David Hollingsworth McClain (born June 4, 1933 - July 4, 2025) was an American attorney and former politician in the state of Florida.

==Early life, education & military service==
McClain was born in Macon, Georgia and moved to Florida in 1956. He is an alumnus Duke University (BA), George Washington University (MA), and Stetson College of Law (LLB). He served in the United States Army from 1953 to 1955 as a member of the 1st Infantry Division.

==Political career==
From 1964 to 1970 he served on the Board of Public Relations and Convention Facilities and served as vice chairman from 1969 to 1970. He is a former member of the Florida Law Revision Council. From 1969 to 1970 he served as a legal advisor to the Hillsborough County Republican Executive Committee. He is a former member of the Hillsborough County Republican State Committee and former assistant treasurer of the Florida Republican Party.

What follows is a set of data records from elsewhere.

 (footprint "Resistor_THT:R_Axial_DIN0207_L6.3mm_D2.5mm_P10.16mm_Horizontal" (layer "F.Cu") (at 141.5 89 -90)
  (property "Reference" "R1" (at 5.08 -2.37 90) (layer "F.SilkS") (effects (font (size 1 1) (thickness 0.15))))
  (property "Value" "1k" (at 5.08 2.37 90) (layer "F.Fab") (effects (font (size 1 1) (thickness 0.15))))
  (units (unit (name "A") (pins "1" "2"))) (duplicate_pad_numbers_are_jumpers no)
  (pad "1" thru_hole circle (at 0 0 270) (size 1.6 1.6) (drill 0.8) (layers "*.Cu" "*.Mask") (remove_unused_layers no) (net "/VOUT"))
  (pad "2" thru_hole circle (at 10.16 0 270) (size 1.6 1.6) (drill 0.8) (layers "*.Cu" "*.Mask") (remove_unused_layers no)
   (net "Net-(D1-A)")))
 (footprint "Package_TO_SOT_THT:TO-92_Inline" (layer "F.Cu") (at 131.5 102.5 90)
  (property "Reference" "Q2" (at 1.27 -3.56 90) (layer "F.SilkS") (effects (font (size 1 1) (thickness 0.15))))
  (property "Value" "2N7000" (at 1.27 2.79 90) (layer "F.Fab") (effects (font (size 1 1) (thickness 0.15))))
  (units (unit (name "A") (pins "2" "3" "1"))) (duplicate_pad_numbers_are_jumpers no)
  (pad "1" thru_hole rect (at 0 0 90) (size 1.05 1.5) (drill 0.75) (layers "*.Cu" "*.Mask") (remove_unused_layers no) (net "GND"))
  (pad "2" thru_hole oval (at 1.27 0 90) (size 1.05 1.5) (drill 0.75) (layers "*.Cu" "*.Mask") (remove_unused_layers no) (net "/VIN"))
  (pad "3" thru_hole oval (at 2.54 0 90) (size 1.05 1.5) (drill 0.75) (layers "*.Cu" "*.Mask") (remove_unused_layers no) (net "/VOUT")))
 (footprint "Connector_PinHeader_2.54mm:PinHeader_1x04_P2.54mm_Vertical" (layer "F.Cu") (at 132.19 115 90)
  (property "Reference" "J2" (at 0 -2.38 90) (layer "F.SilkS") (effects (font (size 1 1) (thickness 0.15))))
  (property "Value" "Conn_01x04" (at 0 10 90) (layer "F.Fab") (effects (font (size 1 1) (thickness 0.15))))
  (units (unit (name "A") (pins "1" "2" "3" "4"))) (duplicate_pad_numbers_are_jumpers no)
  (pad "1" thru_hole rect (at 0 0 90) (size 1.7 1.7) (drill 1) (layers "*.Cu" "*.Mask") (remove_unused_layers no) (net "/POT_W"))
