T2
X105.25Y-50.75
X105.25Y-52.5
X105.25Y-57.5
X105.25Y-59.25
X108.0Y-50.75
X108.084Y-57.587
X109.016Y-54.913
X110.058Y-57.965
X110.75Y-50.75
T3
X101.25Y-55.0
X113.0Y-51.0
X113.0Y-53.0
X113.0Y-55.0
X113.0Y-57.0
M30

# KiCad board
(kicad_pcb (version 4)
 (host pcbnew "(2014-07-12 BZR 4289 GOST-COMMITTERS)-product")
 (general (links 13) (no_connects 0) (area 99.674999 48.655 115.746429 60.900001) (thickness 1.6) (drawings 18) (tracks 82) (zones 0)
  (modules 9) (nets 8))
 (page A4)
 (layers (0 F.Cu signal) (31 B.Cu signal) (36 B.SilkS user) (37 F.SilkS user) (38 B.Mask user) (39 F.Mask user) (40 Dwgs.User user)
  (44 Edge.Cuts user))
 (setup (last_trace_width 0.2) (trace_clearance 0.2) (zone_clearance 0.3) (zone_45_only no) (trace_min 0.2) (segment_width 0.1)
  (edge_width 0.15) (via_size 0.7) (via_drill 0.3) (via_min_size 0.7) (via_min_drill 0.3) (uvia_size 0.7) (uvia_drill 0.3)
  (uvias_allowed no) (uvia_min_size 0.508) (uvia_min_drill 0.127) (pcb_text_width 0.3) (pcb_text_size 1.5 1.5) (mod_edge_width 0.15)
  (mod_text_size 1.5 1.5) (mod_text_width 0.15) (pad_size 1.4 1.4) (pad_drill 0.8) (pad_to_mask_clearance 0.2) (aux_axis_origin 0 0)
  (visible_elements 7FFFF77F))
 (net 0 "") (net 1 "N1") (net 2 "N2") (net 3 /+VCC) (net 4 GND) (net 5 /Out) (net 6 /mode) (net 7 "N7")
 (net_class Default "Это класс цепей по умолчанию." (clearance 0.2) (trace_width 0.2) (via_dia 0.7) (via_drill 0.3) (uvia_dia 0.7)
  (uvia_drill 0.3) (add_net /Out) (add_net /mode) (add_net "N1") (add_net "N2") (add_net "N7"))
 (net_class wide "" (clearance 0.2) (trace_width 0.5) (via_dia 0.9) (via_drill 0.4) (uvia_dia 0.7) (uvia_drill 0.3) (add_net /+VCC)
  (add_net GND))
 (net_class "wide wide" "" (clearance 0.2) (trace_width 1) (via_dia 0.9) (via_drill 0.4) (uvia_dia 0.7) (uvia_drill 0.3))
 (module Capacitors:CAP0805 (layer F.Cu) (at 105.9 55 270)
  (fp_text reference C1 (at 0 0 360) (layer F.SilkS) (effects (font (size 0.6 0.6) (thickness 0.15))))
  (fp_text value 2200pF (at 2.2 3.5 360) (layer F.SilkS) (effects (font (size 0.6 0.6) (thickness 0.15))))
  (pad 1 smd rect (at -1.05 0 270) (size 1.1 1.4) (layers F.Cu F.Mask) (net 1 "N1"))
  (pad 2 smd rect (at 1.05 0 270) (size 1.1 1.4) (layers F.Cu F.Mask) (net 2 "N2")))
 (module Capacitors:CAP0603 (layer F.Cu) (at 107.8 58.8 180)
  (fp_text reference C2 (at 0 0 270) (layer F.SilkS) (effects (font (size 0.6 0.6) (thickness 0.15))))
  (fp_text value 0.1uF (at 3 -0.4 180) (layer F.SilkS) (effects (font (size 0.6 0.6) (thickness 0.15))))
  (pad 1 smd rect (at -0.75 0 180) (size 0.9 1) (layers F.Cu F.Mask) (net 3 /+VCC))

He was elected to the Florida State Senate for the 24th district in 1971. He was redistricted to the 21st district in 1973, and served until 1982. He is a member of the Republican Party. From 1986 to 1987 he served as an assistant city attorney in Tampa.

He was a member of the Motor Vehicle Insurance Task Force in 1989. From 1989 to 1990 he served on the Tampa Hillsborough County Expressway Authority.

==Legal career==
He practiced law in Florida. He was a senior partner with McClain, Smoak & Chistolini, LLC in Tampa until his retirement.

==Personal life==
He and his wife Carroll have two children.